• [What is being asked] Below are some records. Print exactly the lines between the one holding "X77.48Y-57.72" and the one holding "(kicad_pcb (version 20241229)", inclusive, and nothing else.

• [Information given]

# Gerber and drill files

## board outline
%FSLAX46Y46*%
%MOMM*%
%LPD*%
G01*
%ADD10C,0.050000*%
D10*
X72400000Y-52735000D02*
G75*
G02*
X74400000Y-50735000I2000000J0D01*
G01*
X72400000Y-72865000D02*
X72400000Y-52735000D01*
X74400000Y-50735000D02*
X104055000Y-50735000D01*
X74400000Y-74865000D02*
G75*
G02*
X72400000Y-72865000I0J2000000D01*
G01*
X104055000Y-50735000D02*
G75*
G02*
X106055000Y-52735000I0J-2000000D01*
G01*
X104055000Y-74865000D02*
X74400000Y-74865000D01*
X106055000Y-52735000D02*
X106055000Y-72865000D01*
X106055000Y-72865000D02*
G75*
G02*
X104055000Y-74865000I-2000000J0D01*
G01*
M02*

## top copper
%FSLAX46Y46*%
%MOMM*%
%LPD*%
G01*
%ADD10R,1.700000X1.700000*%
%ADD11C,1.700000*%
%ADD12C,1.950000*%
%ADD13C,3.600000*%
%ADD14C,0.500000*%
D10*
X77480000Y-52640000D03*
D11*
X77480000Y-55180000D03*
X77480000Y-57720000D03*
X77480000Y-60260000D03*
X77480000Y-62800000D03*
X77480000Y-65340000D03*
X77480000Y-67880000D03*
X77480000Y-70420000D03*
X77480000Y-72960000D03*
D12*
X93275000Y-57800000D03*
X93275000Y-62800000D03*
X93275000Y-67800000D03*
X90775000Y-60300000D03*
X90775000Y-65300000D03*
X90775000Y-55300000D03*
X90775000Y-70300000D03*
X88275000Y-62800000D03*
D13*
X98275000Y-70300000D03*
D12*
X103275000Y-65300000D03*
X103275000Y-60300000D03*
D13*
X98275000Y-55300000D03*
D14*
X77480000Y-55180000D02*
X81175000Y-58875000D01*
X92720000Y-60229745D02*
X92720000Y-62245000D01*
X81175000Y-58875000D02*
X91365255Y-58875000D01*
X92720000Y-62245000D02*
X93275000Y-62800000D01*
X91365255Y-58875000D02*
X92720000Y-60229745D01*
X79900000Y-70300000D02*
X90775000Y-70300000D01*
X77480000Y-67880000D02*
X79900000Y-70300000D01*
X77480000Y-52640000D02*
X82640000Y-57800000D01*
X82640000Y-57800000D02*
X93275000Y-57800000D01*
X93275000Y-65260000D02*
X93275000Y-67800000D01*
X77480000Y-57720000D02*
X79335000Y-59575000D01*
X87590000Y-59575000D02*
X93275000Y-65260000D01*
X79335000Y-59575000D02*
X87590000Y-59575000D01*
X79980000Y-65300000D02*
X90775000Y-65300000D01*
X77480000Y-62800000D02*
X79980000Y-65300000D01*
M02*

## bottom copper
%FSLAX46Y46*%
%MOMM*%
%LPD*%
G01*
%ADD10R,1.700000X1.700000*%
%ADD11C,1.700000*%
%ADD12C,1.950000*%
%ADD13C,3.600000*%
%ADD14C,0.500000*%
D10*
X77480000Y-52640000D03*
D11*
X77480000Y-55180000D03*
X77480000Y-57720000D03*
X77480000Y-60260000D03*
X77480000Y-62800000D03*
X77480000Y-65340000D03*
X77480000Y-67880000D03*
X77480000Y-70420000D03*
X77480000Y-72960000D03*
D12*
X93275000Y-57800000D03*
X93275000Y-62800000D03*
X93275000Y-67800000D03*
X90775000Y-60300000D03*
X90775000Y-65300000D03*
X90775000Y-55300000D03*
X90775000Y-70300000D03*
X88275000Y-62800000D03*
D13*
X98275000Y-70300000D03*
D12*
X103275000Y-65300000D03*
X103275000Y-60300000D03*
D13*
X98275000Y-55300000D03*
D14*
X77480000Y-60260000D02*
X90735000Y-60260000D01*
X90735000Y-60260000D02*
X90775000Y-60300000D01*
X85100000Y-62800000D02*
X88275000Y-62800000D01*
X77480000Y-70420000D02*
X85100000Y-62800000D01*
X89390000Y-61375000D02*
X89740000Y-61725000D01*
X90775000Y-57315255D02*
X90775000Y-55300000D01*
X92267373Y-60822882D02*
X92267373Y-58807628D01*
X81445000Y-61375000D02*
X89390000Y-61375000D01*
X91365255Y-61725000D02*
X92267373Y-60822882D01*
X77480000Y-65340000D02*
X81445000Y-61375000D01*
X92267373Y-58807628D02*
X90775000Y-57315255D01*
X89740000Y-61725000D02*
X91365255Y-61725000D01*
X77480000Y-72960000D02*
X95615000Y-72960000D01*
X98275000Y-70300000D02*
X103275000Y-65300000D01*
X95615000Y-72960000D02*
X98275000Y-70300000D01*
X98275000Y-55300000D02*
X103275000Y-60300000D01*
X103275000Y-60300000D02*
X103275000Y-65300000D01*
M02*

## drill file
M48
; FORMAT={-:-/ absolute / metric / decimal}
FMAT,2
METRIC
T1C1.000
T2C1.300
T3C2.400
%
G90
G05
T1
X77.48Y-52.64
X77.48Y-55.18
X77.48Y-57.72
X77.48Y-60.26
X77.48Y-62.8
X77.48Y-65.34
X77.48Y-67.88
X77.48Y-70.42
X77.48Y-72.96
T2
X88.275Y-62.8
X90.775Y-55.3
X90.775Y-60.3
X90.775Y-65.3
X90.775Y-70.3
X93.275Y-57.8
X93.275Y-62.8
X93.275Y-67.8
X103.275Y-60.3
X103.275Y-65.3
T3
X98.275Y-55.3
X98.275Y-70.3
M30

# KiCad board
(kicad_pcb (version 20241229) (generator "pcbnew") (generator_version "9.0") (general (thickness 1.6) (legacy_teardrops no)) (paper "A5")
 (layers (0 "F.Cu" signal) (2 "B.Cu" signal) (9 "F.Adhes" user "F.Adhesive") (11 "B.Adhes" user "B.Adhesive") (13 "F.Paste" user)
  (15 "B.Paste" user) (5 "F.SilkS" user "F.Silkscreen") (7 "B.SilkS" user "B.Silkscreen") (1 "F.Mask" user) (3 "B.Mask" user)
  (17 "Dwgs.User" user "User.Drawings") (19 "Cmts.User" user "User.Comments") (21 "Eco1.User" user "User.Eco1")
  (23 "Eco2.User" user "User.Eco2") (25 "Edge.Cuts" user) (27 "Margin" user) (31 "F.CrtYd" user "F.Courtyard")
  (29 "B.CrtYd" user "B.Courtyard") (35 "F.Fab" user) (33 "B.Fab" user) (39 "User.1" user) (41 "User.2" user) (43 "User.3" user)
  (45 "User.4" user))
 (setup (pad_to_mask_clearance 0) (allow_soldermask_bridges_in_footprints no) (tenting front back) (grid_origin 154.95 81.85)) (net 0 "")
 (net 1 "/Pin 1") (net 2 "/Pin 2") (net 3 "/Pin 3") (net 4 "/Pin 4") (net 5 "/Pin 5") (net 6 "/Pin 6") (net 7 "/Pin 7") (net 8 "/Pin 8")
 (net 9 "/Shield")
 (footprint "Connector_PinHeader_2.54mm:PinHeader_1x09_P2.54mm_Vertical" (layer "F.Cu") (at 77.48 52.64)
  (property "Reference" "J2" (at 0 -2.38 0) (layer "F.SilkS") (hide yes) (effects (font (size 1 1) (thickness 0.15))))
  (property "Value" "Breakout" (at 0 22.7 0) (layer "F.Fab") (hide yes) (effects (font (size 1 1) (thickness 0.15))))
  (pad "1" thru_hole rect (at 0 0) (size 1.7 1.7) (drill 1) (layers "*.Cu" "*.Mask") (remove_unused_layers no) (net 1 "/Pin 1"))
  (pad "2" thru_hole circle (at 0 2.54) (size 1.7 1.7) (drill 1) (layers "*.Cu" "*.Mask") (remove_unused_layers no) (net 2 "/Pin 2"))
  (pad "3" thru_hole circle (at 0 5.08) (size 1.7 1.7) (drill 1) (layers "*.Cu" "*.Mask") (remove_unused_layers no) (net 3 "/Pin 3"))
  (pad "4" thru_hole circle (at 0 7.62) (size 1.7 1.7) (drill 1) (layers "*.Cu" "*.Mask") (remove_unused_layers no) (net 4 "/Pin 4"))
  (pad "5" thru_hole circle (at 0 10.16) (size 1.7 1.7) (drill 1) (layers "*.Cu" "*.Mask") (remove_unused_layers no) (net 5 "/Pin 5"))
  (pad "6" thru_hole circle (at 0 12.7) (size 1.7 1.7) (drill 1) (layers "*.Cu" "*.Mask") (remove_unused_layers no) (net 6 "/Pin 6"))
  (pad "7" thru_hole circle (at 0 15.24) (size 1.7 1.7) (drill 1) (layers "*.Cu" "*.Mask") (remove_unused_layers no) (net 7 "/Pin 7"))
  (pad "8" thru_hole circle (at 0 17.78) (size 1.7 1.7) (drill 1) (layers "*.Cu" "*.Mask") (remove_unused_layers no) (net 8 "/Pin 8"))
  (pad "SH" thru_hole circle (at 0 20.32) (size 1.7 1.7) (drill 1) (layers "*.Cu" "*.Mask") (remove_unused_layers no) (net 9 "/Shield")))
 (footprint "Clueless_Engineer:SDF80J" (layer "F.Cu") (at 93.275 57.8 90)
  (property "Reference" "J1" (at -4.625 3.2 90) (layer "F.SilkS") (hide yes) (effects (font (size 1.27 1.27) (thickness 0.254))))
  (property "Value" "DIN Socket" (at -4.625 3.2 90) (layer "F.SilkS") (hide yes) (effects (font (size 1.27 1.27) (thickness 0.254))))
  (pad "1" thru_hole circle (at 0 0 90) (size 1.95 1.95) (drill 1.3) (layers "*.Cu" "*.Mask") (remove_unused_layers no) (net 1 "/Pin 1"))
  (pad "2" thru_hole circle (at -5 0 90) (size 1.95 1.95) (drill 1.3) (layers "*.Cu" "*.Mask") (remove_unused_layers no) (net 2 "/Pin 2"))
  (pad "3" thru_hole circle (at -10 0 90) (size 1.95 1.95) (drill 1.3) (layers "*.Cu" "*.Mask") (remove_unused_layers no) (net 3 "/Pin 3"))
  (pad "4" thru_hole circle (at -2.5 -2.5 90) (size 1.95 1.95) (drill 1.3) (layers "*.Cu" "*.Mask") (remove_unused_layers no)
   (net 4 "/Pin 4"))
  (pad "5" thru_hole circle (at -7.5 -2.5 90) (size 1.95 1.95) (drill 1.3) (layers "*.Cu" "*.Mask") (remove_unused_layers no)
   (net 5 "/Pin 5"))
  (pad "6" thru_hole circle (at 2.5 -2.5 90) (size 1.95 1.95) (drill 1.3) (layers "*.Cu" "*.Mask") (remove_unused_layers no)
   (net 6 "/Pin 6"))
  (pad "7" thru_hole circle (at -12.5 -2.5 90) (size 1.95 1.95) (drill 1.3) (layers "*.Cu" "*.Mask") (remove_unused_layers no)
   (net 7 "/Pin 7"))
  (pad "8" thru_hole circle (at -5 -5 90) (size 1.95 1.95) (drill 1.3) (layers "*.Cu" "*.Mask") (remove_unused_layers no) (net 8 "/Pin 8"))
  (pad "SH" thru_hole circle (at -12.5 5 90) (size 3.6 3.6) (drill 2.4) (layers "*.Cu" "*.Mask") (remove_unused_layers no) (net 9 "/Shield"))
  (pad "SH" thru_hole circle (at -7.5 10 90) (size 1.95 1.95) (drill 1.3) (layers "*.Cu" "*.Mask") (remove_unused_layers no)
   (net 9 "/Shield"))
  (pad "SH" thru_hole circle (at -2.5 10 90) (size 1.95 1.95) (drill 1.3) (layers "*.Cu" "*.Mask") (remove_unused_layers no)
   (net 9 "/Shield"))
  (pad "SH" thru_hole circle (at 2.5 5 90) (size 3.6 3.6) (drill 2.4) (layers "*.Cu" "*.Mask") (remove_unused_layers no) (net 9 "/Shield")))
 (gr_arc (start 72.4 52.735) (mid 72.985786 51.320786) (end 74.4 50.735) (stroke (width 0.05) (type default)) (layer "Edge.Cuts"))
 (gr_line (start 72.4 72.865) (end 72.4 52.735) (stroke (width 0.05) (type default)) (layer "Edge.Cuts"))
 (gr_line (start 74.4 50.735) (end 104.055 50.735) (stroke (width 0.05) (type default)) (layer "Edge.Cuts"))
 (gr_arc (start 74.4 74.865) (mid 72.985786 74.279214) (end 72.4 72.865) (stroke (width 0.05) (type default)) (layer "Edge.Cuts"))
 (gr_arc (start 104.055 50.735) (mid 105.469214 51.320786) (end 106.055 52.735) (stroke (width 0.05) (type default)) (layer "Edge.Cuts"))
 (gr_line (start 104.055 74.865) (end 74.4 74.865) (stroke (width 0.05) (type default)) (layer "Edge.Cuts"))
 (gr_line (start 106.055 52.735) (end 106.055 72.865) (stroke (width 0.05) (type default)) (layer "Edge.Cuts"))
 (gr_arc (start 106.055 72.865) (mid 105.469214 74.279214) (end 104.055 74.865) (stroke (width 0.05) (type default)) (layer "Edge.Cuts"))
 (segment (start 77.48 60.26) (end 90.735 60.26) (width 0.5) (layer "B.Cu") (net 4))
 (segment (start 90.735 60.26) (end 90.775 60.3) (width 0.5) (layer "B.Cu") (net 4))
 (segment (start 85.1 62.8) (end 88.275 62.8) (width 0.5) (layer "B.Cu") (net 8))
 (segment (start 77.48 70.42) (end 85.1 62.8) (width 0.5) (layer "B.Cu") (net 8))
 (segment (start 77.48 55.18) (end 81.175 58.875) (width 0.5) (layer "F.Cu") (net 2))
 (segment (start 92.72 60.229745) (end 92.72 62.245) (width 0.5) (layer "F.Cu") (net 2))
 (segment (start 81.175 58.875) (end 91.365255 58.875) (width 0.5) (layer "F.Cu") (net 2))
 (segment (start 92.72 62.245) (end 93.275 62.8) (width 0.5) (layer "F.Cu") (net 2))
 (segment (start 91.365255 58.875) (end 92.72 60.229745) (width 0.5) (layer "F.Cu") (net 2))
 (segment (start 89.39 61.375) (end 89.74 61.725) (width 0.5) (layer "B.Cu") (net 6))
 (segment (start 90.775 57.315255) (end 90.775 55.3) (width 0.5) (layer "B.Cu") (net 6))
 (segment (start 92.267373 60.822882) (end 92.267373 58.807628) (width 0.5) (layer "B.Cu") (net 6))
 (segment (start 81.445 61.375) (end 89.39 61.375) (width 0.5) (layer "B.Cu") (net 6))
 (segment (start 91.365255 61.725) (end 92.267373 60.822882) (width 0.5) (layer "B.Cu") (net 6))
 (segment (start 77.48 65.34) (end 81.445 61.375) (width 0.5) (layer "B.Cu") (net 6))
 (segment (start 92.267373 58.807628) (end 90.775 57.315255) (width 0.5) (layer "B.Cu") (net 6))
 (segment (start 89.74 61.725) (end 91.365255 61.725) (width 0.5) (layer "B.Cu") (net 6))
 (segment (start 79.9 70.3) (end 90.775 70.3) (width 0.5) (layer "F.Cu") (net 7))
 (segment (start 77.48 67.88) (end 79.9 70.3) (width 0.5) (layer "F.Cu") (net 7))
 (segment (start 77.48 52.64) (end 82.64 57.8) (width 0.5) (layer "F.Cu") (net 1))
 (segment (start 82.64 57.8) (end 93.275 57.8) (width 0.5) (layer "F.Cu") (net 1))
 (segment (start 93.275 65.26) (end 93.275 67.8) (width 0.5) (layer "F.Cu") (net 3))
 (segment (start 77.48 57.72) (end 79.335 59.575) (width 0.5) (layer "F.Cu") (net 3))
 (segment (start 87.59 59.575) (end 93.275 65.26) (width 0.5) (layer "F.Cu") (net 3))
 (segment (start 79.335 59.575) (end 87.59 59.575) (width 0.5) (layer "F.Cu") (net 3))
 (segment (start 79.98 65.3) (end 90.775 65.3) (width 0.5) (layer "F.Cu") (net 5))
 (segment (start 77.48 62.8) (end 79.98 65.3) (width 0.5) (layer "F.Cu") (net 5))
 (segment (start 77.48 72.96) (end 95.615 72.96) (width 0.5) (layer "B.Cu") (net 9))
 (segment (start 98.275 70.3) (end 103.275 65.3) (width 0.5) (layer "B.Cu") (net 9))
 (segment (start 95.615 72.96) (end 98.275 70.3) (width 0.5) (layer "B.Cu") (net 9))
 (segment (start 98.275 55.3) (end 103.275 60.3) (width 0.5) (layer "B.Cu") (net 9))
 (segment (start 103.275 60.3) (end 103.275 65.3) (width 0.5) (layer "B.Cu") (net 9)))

• [Response area]
X77.48Y-57.72
X77.48Y-60.26
X77.48Y-62.8
X77.48Y-65.34
X77.48Y-67.88
X77.48Y-70.42
X77.48Y-72.96
T2
X88.275Y-62.8
X90.775Y-55.3
X90.775Y-60.3
X90.775Y-65.3
X90.775Y-70.3
X93.275Y-57.8
X93.275Y-62.8
X93.275Y-67.8
X103.275Y-60.3
X103.275Y-65.3
T3
X98.275Y-55.3
X98.275Y-70.3
M30

# KiCad board
(kicad_pcb (version 20241229) (generator "pcbnew") (generator_version "9.0") (general (thickness 1.6) (legacy_teardrops no)) (paper "A5")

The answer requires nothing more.